# Do you have a pasture boarding business?



## cebee (Apr 4, 2010)

I dont have a business myself, but my boys are boarded at a pasture only barn.. a few suggestions from the boarder side.. you will want to have at least a few stalls in case a horse is injured or needs to be separated from the rest for some reason. You will also want someplace for boarders to store any grain etc they want to feed their horses. And decide if you are wanting to separate mares and geldings or toss em all in together.


----------



## Palomine (Oct 30, 2010)

How much land, and how are your fences, and how many horses will be the limit.

Will you provide hay? What about water? Is there shelter, and how much?

Keep in mind that every time a different horses comes in, that there will be a battle as they readjust, and that means you have to have a place to separate them first.

And do you have a place to store tack or for people to ride?

I had been with the woman I had horses pastured with for right at 4 years. Safe place had been made for Kola, so he could stay out of sun, and off grass. Thought it would be fine. He had small area to go out in at night, when sun is down.

Woman's mom talked her into "training" a horse for 10 days. 10 lousy days. Horse got there, was put into Kola's secure spot, which meant he had to stay in stall, not good on his knee. So opened up another area for him to be able to at least move around in.

New horse came Thursday night. Other 6 horses got through 3 gates, (supposedly) and came after Kola, running him through cattle chute, and knocking huge gate off hinges too. He didn't have one area on him that wasn't bitten, cut, scratched, sore, marked up, or wasn't swollen, plus he had huge puncture wound where a bolt had gone into his point of shoulder.

I moved them ALL the next day. Kola was taken that day, Sunday to my vet, and stayed there 5 days. I went and got the others on Monday, and my round pen, and things. Still have to get hay and dog kennel but will. Just been too hot to try to get those.

But she lost board for 3 horses, due to a 10 day horse. Kola should not have lost his area, as I had been told it was made for his use.

That can make or break someone boarding with you.


----------



## dkhuds1953 (Jul 25, 2012)

Thank You! All this informtion is so helpful! I hope Kola is doing ok now!


----------



## cebee (Apr 4, 2010)

You will want to have someplace for people to keep trailers too... at least here by me, most people store their horse trailers on the property they board at...


----------



## Left Hand Percherons (Feb 1, 2011)

I would recommend running mares and geldings separate. You can have larger groups of horses, the herds are more low key, I've never had a horse injury out in the pasture, less buddy sour horses... There is no down side.
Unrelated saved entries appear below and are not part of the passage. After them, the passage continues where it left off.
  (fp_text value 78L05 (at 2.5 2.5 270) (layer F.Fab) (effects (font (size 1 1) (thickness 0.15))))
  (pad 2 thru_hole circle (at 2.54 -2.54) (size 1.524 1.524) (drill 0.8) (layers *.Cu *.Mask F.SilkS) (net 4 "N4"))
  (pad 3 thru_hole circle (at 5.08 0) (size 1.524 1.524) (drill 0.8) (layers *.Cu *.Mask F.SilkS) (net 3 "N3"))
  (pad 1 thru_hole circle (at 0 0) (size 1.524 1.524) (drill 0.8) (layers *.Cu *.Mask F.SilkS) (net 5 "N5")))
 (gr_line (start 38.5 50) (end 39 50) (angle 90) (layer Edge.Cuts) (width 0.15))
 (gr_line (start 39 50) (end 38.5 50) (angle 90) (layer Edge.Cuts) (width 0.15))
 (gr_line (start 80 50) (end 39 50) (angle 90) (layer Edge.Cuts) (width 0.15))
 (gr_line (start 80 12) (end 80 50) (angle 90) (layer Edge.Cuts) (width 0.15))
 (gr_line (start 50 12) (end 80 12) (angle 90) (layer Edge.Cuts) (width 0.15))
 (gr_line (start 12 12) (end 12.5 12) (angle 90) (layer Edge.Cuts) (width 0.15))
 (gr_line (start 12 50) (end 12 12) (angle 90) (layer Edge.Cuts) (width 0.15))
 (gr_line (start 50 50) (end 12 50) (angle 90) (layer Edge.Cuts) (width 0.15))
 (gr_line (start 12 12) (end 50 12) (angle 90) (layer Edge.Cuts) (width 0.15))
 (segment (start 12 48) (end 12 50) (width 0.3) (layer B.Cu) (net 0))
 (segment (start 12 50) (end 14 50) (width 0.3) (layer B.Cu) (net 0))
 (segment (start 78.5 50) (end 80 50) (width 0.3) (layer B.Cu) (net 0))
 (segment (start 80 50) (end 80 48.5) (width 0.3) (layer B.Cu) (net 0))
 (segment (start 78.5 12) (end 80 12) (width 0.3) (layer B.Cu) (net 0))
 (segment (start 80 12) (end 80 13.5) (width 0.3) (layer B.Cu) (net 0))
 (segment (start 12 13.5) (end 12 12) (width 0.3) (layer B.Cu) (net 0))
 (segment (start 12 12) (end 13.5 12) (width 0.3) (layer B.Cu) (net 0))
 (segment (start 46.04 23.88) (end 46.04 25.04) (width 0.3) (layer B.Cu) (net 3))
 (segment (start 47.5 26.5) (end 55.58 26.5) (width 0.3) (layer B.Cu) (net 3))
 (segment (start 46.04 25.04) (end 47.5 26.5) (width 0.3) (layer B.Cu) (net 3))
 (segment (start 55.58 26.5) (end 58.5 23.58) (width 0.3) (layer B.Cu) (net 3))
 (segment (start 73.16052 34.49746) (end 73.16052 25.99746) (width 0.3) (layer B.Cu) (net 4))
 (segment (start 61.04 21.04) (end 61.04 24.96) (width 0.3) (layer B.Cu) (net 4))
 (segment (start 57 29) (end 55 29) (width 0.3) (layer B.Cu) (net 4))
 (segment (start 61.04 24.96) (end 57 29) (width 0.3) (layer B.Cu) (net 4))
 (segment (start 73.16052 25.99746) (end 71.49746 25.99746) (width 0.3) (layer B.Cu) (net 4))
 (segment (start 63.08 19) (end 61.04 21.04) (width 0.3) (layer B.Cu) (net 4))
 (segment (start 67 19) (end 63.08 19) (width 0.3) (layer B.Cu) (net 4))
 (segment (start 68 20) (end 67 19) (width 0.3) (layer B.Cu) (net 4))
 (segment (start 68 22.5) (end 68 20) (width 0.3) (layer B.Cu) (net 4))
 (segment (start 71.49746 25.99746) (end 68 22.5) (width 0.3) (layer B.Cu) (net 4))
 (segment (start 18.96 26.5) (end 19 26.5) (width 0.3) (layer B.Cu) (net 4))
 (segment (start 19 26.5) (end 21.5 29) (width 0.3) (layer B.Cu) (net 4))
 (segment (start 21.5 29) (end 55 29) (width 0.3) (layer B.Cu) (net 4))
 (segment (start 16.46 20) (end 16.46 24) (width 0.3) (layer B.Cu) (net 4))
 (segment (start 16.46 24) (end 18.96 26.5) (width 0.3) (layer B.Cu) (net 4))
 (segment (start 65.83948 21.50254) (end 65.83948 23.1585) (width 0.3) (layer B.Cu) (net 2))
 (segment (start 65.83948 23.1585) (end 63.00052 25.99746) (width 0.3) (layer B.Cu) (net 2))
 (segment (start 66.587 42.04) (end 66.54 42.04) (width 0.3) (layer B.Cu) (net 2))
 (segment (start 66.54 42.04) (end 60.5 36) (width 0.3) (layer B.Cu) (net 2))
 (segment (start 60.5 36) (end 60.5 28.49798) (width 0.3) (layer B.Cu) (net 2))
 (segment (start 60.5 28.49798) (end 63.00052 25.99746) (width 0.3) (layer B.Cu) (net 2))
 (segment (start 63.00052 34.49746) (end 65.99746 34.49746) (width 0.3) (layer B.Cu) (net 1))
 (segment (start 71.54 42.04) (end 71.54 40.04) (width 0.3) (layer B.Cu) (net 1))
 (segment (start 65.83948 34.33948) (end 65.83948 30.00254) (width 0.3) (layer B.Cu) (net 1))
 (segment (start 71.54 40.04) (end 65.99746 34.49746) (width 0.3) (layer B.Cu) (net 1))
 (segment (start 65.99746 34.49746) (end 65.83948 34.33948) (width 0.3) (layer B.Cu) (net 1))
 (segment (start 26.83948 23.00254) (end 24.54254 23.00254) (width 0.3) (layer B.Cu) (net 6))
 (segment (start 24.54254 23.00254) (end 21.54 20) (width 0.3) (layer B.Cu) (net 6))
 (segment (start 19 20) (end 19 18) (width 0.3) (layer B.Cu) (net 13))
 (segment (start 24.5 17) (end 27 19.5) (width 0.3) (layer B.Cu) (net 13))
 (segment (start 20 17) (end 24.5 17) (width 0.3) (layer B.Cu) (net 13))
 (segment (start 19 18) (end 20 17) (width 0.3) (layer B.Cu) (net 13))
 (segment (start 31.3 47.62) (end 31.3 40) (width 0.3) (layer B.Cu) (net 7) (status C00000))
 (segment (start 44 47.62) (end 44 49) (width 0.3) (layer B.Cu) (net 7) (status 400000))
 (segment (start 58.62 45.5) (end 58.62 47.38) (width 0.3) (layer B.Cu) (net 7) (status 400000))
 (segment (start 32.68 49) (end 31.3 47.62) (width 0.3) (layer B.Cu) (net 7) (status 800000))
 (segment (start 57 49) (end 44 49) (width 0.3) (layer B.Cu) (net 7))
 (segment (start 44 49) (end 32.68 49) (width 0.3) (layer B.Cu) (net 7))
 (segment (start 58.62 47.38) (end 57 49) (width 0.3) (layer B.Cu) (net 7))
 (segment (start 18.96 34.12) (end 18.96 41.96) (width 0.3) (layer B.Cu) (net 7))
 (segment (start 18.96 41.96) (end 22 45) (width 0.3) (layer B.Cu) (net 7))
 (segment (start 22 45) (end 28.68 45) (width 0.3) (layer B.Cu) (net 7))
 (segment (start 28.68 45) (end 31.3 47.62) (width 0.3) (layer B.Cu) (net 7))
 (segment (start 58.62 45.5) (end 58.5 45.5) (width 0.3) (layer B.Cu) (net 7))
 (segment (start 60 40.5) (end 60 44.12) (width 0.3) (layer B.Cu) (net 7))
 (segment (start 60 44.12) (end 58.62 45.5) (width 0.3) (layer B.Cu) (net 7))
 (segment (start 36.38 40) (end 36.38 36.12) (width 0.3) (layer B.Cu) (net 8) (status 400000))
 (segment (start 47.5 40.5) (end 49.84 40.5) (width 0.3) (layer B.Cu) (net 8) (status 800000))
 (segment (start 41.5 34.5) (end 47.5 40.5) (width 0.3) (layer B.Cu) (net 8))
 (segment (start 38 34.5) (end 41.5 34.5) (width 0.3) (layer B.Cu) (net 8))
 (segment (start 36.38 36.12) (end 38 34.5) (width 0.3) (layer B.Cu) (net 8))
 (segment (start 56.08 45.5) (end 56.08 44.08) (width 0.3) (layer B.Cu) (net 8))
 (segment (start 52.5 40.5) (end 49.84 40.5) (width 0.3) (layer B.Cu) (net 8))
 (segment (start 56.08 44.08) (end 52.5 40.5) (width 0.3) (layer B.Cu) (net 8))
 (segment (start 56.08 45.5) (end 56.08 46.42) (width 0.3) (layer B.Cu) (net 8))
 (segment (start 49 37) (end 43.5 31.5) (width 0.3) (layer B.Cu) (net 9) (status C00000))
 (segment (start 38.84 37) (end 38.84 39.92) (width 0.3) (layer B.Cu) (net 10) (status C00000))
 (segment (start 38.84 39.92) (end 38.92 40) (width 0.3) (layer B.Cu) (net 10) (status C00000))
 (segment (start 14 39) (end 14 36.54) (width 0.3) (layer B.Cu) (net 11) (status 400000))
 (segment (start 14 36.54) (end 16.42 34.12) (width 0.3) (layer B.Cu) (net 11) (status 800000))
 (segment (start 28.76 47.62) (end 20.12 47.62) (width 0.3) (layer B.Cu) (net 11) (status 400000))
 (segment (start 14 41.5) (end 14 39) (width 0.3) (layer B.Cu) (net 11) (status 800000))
You might loose a potential boarder "they're always been together.... they luuuv each other...." you don't want those ones anyway. I do not grain the herd. Too dangerous. I do provide salt and a loose mineral/vitamin blend. I do have 12 x12 panel pens up in the loafing shed area that horses can be grained in but it's up to the owner to provide the feed. Hay is provided as part of the board fee. Some places will keep track of how many days hay is provided and charge for each day. Too much work for me. Also helps protect the pastures by being in control of the hay. You need an area where you can lock the horses up off of the pastures in bad rains, if they're overgrazed... I have a common area where the sheds, pens, hay feeders and water are that the pastures connect to (2 pastures per group).
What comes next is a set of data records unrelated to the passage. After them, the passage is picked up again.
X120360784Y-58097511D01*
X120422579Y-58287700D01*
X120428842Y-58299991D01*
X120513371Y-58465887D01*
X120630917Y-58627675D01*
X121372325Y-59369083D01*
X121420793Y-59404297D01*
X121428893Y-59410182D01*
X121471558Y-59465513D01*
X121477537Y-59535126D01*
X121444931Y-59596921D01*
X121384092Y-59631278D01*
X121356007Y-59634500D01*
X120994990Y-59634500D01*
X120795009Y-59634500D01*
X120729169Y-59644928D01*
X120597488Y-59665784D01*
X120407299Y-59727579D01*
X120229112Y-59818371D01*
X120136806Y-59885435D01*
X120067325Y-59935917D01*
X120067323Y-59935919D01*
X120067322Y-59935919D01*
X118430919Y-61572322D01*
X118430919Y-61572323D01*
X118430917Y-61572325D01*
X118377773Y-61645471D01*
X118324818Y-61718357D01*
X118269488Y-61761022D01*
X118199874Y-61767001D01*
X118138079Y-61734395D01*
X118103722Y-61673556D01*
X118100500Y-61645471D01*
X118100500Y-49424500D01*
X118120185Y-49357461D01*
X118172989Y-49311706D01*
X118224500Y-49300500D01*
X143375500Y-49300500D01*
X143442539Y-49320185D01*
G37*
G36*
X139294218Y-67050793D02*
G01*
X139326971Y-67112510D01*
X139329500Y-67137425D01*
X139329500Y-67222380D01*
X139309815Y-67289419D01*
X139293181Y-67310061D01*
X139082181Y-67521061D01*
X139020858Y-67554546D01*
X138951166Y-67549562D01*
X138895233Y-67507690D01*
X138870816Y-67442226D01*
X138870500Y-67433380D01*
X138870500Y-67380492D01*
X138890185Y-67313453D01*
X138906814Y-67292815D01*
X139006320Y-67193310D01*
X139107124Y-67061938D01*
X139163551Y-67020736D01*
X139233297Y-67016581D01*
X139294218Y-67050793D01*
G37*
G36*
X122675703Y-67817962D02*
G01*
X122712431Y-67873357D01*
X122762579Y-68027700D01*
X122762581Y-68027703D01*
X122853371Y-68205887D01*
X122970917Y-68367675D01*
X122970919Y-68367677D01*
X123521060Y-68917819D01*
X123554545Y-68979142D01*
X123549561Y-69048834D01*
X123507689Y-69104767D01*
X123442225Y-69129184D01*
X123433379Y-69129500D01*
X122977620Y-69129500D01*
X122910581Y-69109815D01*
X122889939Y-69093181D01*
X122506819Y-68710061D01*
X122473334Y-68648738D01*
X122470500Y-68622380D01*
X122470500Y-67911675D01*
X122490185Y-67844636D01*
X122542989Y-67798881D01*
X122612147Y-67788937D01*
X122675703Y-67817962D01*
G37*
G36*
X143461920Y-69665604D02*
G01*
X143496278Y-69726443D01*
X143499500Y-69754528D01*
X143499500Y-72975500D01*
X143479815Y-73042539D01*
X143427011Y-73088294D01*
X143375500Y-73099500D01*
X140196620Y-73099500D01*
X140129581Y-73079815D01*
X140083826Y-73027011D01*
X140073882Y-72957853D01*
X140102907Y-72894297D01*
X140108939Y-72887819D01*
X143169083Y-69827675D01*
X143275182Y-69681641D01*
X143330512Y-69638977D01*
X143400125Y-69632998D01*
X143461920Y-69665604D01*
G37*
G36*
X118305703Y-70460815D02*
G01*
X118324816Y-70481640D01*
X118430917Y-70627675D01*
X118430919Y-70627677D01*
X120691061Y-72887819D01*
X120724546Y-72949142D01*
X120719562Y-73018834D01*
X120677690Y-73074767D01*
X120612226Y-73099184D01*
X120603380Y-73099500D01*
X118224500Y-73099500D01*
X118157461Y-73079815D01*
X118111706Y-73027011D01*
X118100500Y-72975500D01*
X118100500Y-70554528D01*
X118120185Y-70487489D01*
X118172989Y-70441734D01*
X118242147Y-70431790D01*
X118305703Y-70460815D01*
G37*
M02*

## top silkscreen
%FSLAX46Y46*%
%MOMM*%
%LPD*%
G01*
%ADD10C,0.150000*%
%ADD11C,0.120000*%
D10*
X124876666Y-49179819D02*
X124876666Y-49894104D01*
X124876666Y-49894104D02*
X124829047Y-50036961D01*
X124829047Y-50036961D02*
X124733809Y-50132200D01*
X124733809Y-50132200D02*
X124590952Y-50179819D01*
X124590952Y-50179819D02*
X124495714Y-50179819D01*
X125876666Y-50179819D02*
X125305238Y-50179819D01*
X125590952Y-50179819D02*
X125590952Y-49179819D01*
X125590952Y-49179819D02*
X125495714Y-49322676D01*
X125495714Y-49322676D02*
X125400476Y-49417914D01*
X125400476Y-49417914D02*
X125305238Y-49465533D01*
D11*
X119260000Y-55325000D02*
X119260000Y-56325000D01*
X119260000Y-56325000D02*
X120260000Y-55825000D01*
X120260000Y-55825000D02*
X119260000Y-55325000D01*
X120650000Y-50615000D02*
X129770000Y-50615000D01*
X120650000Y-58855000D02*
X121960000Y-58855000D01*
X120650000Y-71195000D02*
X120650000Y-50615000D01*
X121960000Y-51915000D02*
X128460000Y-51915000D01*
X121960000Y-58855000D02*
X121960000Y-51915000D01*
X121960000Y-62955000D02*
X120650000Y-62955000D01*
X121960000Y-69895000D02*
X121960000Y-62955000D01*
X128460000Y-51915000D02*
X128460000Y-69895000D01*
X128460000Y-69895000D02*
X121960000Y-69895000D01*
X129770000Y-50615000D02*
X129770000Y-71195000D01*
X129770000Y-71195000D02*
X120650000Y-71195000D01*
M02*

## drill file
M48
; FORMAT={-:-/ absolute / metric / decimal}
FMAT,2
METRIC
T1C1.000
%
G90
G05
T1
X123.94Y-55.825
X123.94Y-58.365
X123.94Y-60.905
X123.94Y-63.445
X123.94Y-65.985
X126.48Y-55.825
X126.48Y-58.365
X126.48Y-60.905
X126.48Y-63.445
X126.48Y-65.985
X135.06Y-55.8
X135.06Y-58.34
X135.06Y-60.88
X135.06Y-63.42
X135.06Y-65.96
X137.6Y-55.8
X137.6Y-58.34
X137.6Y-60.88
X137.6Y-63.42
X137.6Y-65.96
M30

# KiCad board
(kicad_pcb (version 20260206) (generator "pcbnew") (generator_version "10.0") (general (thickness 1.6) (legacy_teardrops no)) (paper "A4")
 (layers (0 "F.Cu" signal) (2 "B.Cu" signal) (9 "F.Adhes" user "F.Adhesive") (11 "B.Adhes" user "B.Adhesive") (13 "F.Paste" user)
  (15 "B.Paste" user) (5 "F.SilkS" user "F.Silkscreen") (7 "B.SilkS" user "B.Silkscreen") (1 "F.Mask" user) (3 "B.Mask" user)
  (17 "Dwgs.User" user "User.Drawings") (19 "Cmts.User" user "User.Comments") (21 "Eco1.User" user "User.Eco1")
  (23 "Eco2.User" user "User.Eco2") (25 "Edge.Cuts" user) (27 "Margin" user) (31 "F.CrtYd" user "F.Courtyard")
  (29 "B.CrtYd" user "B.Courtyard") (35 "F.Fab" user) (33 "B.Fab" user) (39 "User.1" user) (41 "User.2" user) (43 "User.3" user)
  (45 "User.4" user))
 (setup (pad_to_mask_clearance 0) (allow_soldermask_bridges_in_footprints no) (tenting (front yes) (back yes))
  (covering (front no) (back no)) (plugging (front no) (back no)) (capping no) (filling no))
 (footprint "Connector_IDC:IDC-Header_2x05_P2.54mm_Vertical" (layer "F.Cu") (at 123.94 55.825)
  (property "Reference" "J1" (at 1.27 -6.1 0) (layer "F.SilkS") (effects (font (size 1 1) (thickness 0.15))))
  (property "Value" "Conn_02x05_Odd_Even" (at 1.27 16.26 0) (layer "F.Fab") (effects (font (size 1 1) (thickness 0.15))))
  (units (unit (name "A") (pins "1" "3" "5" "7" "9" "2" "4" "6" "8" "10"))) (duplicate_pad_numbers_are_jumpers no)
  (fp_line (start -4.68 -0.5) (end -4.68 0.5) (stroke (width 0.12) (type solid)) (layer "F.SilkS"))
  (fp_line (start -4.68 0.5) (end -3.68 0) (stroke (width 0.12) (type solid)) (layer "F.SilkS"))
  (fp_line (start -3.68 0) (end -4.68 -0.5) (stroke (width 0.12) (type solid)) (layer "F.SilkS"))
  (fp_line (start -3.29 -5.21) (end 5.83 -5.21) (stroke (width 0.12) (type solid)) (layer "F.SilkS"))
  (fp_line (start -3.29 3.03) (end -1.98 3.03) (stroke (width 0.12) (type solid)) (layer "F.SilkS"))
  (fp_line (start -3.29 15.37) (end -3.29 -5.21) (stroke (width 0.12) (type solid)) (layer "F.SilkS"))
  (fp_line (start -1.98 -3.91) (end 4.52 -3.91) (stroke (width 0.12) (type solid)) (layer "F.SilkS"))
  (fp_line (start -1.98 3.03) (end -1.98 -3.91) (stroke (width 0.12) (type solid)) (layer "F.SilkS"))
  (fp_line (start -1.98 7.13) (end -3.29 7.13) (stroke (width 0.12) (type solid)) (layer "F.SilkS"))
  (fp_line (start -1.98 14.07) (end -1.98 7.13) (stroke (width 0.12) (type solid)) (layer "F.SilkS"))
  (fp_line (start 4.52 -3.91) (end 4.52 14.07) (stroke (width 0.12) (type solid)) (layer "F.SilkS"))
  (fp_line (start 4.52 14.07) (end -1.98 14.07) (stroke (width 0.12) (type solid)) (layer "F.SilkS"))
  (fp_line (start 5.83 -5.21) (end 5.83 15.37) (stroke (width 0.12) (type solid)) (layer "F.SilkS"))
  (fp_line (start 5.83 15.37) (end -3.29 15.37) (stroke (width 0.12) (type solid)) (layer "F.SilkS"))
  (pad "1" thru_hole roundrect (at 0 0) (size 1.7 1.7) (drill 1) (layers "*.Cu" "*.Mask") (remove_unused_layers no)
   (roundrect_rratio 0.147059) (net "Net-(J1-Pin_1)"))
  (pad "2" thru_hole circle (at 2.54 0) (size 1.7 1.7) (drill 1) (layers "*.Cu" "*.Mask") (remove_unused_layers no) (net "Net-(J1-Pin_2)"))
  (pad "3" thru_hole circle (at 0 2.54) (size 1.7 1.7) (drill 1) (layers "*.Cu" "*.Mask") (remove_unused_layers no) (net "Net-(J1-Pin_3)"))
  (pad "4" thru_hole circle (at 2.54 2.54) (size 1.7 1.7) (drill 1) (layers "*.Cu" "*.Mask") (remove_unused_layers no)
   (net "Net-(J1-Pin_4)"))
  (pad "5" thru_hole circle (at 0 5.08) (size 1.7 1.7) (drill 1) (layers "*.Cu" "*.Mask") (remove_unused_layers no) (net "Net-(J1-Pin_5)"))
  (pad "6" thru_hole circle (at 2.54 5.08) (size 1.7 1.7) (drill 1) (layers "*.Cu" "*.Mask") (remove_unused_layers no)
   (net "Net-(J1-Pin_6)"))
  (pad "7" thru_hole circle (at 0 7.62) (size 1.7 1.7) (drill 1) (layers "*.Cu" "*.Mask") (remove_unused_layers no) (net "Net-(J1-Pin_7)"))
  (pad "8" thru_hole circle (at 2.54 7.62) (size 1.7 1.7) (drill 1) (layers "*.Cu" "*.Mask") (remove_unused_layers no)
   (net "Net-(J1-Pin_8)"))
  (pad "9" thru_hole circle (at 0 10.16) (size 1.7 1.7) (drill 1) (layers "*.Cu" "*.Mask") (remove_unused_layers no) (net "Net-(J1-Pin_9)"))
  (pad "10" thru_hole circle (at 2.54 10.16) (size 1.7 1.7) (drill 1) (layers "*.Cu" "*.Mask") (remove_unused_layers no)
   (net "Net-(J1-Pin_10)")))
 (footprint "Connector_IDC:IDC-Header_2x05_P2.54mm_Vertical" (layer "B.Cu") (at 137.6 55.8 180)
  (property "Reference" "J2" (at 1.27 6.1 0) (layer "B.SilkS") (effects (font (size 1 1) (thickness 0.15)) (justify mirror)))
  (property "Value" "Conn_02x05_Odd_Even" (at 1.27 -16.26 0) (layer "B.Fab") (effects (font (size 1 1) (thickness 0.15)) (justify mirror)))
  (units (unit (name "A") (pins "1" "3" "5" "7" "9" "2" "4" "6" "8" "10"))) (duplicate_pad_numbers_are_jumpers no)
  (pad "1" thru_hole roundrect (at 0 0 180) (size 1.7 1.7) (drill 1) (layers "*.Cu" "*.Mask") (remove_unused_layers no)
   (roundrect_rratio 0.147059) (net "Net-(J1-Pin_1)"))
Boarders who want pasture board tend to be less demanding but they still want somewhere to store their stuff, a roundpen or arena even if you're catering to trail riders, trailer parking (you can charge extra for that), a shed, running water (heated tanks in the winter if applicable). I would never have a community tack room. Build individual tack boxes that they can lock up. Only allow them one box per horse and all their stuff must fit in there. That's one reason people love having horse trailers just to store all their extra tack and feed. If you don't grain, than you need to have somewhere for them to store their feed. No garbage cans! They take up too much room and are just an eyesore. If your tack boxes are big enough just make them keep it in there. I've seen nice stackable plastic bins (like big dog food bins) that can hold 100# of feed. They're probably $100 each but well worth it just to reduce clutter.

Other things to think of: Where are you going to store your hay? You need a quarentine area (stall or pen) both for new horses and injury. It's also nice to have if you need to keep a horse up for the vet or farrier. Is zoning a concern? What about neighbors? Manure disposal? Do you have enough land to just spread it or will you have to stockpile it? Will you need to be able to mow pastures (tractor, bush hog) Electricity? Winter blankets yes/no place to store them on warm days, on/off... The more things you can think of and have a game plan before the situation comes up with a boarder, the easier it will be.


----------